Night After Night After Night is competently made, though its pacing is a bit odd.  Oftentimes, adjacent scenes simply butt up against one another with no connective tissue between them.  It can be a little jarring, but if anything, it actually adds to the film’s schizophrenic ambience, continuing, in a way, to describe its juxtaposition of prurience and prudishness.  Even while being distinctly British, there are Giallo elements at play, as well, making for something of interest to devotees of that genre.  The killer wears a black leather trench coat.  There are POV shots of him stalking and stabbing his victims.  There is the plain lurid quality so prevalent in Gialli, including the close tying of violence with sex and how this affects people mentally.  However, the film is simplistic to the point of being somewhat plain, and the finale meanders a bit more than it excites.  Nevertheless, it kept my ass in my seat, and I never truly felt bored by it.  Maybe I’m just another sex maniac.
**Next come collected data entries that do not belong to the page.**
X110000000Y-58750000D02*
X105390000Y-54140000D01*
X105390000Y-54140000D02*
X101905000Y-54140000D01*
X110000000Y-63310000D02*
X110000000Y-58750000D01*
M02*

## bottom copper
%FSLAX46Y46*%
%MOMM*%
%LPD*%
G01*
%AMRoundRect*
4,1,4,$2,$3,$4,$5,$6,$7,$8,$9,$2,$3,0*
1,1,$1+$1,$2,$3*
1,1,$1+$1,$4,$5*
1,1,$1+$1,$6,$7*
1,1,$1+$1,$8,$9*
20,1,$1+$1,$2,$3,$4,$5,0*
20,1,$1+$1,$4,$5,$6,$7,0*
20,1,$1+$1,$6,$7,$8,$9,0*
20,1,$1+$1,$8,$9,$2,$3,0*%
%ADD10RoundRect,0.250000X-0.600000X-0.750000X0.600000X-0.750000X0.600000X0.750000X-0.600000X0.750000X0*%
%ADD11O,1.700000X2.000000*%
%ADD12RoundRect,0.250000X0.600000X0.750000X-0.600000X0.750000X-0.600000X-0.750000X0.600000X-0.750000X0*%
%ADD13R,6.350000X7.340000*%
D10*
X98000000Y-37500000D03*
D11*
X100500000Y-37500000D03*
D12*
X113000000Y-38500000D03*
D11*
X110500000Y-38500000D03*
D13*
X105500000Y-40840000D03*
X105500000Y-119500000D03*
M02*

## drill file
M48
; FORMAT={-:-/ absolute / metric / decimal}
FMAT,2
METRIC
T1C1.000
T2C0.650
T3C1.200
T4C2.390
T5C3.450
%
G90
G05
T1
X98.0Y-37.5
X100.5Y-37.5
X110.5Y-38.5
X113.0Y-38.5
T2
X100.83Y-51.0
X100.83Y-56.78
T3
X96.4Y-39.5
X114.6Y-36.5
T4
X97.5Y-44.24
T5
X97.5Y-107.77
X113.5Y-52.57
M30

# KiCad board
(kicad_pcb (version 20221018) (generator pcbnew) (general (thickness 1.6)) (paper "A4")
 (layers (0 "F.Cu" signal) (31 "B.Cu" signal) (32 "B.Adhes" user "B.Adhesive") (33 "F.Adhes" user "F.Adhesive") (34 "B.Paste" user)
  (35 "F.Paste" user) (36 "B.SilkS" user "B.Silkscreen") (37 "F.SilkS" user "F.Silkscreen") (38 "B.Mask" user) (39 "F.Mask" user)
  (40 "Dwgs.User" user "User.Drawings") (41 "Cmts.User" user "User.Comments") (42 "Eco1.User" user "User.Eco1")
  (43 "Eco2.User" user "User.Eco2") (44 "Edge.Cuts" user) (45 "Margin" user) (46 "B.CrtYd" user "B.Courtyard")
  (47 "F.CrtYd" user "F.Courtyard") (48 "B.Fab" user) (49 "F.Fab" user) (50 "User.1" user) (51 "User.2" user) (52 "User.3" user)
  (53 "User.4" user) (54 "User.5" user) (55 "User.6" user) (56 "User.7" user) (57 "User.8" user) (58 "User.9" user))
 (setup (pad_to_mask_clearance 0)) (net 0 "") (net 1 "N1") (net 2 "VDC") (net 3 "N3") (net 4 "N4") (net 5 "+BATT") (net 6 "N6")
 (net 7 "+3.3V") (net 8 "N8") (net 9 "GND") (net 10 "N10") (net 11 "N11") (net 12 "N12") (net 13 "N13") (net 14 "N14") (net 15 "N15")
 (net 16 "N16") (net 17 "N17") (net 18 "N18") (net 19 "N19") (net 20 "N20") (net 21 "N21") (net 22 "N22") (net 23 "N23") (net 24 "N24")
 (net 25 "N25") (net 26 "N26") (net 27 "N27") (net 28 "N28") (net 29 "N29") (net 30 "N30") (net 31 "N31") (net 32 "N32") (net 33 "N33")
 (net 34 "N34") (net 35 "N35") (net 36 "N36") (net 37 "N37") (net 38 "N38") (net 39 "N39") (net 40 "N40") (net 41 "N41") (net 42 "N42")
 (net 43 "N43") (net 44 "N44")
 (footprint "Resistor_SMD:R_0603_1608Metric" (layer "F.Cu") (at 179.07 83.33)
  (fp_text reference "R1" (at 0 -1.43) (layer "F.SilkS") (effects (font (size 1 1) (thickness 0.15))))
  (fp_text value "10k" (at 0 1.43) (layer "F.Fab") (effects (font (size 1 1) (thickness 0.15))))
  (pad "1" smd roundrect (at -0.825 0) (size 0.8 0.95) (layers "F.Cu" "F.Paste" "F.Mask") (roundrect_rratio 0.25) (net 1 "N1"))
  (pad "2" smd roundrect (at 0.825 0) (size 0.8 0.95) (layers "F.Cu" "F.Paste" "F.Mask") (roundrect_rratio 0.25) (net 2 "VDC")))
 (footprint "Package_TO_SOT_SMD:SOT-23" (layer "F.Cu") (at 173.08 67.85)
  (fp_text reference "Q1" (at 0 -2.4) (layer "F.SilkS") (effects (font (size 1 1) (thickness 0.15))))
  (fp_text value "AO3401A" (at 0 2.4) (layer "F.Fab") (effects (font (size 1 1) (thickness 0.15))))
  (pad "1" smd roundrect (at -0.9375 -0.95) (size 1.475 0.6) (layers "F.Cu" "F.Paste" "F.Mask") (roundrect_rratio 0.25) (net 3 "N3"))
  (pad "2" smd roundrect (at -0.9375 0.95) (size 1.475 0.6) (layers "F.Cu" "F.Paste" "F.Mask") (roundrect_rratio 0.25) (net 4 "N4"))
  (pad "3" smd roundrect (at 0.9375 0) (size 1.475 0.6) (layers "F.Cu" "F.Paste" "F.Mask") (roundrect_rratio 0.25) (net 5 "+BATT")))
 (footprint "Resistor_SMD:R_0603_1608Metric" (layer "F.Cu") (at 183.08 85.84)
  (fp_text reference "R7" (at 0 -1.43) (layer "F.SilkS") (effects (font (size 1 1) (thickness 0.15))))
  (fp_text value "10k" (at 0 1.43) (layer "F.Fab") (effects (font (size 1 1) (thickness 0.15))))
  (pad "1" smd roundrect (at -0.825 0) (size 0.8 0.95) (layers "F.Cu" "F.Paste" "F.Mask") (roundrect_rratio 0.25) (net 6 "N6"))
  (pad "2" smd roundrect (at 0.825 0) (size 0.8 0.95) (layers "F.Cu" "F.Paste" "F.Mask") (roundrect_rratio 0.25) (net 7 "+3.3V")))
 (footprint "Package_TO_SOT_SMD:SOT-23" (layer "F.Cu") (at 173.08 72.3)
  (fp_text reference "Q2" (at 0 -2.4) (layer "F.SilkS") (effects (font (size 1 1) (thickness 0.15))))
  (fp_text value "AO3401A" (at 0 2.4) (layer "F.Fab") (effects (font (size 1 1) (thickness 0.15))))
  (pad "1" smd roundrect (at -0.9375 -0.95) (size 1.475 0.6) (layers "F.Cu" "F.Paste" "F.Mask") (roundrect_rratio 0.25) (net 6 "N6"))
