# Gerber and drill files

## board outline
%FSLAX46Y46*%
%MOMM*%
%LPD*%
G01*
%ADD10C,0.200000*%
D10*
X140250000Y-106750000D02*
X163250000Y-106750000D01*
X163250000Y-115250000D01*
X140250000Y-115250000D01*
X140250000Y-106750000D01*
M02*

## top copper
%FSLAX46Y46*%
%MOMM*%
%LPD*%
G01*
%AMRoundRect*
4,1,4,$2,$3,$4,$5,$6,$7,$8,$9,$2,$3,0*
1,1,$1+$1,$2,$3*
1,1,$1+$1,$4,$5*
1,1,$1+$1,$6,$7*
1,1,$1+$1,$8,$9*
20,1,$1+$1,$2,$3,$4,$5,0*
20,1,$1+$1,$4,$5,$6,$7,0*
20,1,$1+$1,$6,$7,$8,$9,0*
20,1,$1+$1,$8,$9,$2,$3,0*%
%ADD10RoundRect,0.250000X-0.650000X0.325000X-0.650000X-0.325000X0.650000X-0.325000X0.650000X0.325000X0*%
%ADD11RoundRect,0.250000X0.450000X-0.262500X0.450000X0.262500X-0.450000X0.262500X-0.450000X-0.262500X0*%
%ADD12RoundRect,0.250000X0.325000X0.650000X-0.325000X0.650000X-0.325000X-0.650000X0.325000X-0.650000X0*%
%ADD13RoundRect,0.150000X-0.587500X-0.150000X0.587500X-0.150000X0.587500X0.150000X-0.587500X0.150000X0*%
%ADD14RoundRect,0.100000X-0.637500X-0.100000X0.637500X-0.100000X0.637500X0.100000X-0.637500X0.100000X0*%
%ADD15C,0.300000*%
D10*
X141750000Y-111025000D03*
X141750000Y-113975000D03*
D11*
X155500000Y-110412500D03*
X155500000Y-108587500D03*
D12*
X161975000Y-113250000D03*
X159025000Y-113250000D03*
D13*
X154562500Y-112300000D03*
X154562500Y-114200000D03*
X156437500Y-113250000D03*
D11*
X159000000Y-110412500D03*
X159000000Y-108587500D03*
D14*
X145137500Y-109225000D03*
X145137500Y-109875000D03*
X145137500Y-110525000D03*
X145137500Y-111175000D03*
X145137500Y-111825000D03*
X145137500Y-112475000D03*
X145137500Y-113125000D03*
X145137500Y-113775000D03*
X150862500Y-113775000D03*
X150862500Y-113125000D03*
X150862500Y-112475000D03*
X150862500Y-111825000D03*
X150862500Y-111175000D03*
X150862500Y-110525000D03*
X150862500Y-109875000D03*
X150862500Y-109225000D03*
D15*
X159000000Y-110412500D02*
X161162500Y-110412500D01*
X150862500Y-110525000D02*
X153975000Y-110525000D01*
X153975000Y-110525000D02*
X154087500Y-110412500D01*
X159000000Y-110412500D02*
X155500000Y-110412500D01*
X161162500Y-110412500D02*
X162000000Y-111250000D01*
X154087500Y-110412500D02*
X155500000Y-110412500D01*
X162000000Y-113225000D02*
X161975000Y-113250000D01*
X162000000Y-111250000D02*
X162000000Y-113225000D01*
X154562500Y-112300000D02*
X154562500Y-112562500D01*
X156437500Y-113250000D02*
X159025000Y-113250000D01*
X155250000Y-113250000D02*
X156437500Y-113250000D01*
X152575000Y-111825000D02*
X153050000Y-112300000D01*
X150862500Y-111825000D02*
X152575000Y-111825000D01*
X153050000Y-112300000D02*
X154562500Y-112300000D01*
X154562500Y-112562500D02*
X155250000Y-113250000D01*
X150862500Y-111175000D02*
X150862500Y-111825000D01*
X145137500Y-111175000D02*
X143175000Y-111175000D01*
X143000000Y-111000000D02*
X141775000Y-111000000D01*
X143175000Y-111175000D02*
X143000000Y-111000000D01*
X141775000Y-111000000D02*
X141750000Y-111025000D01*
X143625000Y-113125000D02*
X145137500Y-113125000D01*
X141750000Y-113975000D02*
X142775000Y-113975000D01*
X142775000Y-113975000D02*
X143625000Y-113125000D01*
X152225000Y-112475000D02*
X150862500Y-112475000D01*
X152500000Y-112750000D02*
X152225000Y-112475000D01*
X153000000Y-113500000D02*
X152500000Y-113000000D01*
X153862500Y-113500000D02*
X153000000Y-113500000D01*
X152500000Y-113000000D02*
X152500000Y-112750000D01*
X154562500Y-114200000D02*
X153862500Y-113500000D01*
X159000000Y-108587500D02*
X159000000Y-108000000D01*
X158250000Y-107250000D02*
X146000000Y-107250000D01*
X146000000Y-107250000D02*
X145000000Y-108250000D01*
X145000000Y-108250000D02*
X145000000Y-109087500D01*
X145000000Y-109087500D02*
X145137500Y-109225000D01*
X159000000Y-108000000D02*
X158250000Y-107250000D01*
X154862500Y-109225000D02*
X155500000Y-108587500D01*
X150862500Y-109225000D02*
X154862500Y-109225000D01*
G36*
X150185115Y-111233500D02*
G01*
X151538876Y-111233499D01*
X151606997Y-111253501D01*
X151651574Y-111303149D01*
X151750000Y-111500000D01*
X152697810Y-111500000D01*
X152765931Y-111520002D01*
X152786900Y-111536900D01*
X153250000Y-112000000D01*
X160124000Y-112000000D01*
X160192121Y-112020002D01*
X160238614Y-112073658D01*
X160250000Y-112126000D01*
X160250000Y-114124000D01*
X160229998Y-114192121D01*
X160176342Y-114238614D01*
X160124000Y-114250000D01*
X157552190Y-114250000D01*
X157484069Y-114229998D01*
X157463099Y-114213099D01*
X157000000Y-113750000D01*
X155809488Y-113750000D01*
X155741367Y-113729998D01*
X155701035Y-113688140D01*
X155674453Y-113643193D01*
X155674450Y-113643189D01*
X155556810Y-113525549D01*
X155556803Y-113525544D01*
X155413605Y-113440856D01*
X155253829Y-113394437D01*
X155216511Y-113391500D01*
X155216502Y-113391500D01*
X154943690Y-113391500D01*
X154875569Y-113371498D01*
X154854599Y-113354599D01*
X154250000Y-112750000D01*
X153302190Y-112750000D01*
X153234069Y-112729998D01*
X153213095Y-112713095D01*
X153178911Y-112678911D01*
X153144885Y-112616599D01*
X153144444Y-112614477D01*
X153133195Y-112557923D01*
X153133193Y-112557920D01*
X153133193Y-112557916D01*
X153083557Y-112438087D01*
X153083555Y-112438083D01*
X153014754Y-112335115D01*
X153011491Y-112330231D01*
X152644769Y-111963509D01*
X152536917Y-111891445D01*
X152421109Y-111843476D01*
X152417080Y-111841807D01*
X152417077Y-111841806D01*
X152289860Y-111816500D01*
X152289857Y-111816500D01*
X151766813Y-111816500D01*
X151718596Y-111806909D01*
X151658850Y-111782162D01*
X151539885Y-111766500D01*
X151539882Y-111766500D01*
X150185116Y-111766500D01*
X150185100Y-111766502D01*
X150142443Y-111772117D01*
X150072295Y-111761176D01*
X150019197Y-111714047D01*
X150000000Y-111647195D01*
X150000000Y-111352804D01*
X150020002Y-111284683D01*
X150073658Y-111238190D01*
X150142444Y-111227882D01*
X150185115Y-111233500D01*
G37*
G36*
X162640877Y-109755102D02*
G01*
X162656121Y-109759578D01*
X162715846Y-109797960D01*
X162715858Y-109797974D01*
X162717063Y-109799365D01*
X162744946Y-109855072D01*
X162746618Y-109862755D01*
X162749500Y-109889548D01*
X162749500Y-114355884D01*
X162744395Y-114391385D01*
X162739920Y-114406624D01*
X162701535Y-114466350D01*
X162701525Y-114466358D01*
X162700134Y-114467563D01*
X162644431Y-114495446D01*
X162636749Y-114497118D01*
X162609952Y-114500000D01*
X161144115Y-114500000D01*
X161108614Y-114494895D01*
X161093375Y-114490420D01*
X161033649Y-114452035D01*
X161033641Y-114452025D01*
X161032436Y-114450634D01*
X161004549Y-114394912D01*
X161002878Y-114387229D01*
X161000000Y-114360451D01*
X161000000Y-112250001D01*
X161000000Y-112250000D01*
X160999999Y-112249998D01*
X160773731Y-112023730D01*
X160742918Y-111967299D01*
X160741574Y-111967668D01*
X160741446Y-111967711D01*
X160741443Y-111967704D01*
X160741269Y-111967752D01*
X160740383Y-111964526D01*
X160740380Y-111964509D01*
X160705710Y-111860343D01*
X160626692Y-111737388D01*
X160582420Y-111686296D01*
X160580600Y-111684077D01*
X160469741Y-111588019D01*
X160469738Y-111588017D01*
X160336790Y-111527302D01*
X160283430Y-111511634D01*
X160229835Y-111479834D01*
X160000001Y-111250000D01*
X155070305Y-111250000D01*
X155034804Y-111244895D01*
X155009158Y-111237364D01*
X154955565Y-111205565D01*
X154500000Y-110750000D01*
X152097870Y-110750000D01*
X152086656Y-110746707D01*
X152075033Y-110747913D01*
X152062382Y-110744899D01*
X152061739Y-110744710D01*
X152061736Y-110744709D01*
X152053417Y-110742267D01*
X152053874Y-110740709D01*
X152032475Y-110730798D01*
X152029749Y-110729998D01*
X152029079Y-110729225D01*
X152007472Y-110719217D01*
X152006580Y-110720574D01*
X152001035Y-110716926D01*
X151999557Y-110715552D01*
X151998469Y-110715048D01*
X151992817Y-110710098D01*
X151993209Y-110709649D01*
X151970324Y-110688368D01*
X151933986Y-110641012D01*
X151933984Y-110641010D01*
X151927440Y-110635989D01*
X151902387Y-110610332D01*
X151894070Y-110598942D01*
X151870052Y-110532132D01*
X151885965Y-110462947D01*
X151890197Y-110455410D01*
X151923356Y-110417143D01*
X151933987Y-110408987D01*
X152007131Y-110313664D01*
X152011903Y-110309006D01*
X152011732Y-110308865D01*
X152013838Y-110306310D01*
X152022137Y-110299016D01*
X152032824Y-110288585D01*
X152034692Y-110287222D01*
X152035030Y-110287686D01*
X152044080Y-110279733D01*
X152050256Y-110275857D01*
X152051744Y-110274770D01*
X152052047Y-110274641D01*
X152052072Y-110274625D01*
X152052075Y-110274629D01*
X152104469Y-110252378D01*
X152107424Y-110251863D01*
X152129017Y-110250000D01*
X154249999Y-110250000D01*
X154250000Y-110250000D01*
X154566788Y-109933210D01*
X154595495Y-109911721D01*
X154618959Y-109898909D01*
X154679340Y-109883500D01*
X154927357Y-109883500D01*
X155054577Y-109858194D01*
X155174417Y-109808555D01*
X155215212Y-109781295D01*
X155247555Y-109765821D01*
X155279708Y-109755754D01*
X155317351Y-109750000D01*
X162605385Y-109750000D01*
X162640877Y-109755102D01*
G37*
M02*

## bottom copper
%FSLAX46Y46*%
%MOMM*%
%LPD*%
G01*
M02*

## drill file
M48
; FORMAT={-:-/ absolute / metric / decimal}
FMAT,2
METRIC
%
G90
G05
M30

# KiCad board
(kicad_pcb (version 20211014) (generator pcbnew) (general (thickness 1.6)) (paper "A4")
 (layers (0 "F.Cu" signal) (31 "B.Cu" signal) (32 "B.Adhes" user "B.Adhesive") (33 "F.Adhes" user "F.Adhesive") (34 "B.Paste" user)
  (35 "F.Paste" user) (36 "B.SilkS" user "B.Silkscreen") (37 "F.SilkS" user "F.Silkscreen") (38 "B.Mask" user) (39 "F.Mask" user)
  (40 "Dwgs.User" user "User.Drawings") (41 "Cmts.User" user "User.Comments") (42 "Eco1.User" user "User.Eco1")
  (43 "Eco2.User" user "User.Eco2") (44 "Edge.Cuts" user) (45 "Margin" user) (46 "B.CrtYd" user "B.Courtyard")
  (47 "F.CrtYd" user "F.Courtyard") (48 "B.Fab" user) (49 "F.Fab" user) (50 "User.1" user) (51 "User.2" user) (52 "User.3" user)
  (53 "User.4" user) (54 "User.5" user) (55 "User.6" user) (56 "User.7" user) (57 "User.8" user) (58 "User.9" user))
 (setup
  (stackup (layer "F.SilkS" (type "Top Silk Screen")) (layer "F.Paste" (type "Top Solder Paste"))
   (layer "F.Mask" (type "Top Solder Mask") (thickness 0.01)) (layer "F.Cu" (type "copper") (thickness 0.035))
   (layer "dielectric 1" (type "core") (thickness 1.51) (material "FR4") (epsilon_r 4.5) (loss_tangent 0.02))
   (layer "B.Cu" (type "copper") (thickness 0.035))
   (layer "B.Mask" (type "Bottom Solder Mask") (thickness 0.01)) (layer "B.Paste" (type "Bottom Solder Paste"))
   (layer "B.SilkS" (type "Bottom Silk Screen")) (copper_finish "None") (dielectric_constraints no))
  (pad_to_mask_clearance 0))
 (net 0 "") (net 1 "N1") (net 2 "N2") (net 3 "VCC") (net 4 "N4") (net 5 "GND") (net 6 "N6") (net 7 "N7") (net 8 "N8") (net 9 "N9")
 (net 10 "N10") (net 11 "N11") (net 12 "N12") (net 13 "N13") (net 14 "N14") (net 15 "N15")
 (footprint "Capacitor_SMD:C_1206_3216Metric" (layer "F.Cu") (at 141.75 112.5 -90)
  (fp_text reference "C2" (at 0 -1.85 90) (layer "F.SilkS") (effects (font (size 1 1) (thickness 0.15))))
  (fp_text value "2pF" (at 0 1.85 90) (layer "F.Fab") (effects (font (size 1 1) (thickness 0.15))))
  (pad "1" smd roundrect (at -1.475 0 270) (size 1.15 1.8) (layers "F.Cu" "F.Paste" "F.Mask") (roundrect_rratio 0.217391) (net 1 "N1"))
  (pad "2" smd roundrect (at 1.475 0 270) (size 1.15 1.8) (layers "F.Cu" "F.Paste" "F.Mask") (roundrect_rratio 0.217391) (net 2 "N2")))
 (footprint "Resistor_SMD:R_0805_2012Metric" (layer "F.Cu") (at 155.5 109.5 90)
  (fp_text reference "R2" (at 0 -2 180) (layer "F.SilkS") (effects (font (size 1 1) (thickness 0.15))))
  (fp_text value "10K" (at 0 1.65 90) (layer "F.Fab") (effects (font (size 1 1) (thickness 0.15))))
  (pad "1" smd roundrect (at -0.9125 0 90) (size 1.025 1.4) (layers "F.Cu" "F.Paste" "F.Mask") (roundrect_rratio 0.243902) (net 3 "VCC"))
  (pad "2" smd roundrect (at 0.9125 0 90) (size 1.025 1.4) (layers "F.Cu" "F.Paste" "F.Mask") (roundrect_rratio 0.243902) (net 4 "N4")))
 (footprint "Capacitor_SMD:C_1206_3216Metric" (layer "F.Cu") (at 160.5 113.25 180)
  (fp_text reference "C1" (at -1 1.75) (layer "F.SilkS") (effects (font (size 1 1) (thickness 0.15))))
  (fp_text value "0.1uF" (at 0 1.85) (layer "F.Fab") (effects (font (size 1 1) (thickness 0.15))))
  (pad "1" smd roundrect (at -1.475 0 180) (size 1.15 1.8) (layers "F.Cu" "F.Paste" "F.Mask") (roundrect_rratio 0.217391) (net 3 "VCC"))
  (pad "2" smd roundrect (at 1.475 0 180) (size 1.15 1.8) (layers "F.Cu" "F.Paste" "F.Mask") (roundrect_rratio 0.217391) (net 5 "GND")))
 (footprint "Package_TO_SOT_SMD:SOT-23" (layer "F.Cu") (at 155.5 113.25)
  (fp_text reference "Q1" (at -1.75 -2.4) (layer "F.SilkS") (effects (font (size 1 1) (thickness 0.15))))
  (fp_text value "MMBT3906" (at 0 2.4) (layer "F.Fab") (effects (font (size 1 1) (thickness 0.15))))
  (pad "1" smd roundrect (at -0.9375 -0.95) (size 1.475 0.6) (layers "F.Cu" "F.Paste" "F.Mask") (roundrect_rratio 0.25) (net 5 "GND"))
  (pad "2" smd roundrect (at -0.9375 0.95) (size 1.475 0.6) (layers "F.Cu" "F.Paste" "F.Mask") (roundrect_rratio 0.25) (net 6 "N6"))
  (pad "3" smd roundrect (at 0.9375 0) (size 1.475 0.6) (layers "F.Cu" "F.Paste" "F.Mask") (roundrect_rratio 0.25) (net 5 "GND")))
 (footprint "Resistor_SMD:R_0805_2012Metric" (layer "F.Cu") (at 159 109.5 90)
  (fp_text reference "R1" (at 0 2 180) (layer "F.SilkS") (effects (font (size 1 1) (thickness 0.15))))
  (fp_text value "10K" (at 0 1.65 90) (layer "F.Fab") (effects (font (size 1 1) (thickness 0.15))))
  (pad "1" smd roundrect (at -0.9125 0 90) (size 1.025 1.4) (layers "F.Cu" "F.Paste" "F.Mask") (roundrect_rratio 0.243902) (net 3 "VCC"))
  (pad "2" smd roundrect (at 0.9125 0 90) (size 1.025 1.4) (layers "F.Cu" "F.Paste" "F.Mask") (roundrect_rratio 0.243902) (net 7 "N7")))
MVT:  The grittiness of the film, augmented by its low budget aesthetics, is appealing, especially for those of us for whom this is a big part of the attraction to films like this.

Make or Break:  There’s a character’s death rather early on that is not only surprising, but it’s also surprisingly well-staged, and it sends the story in a different direction than you might have initially expected.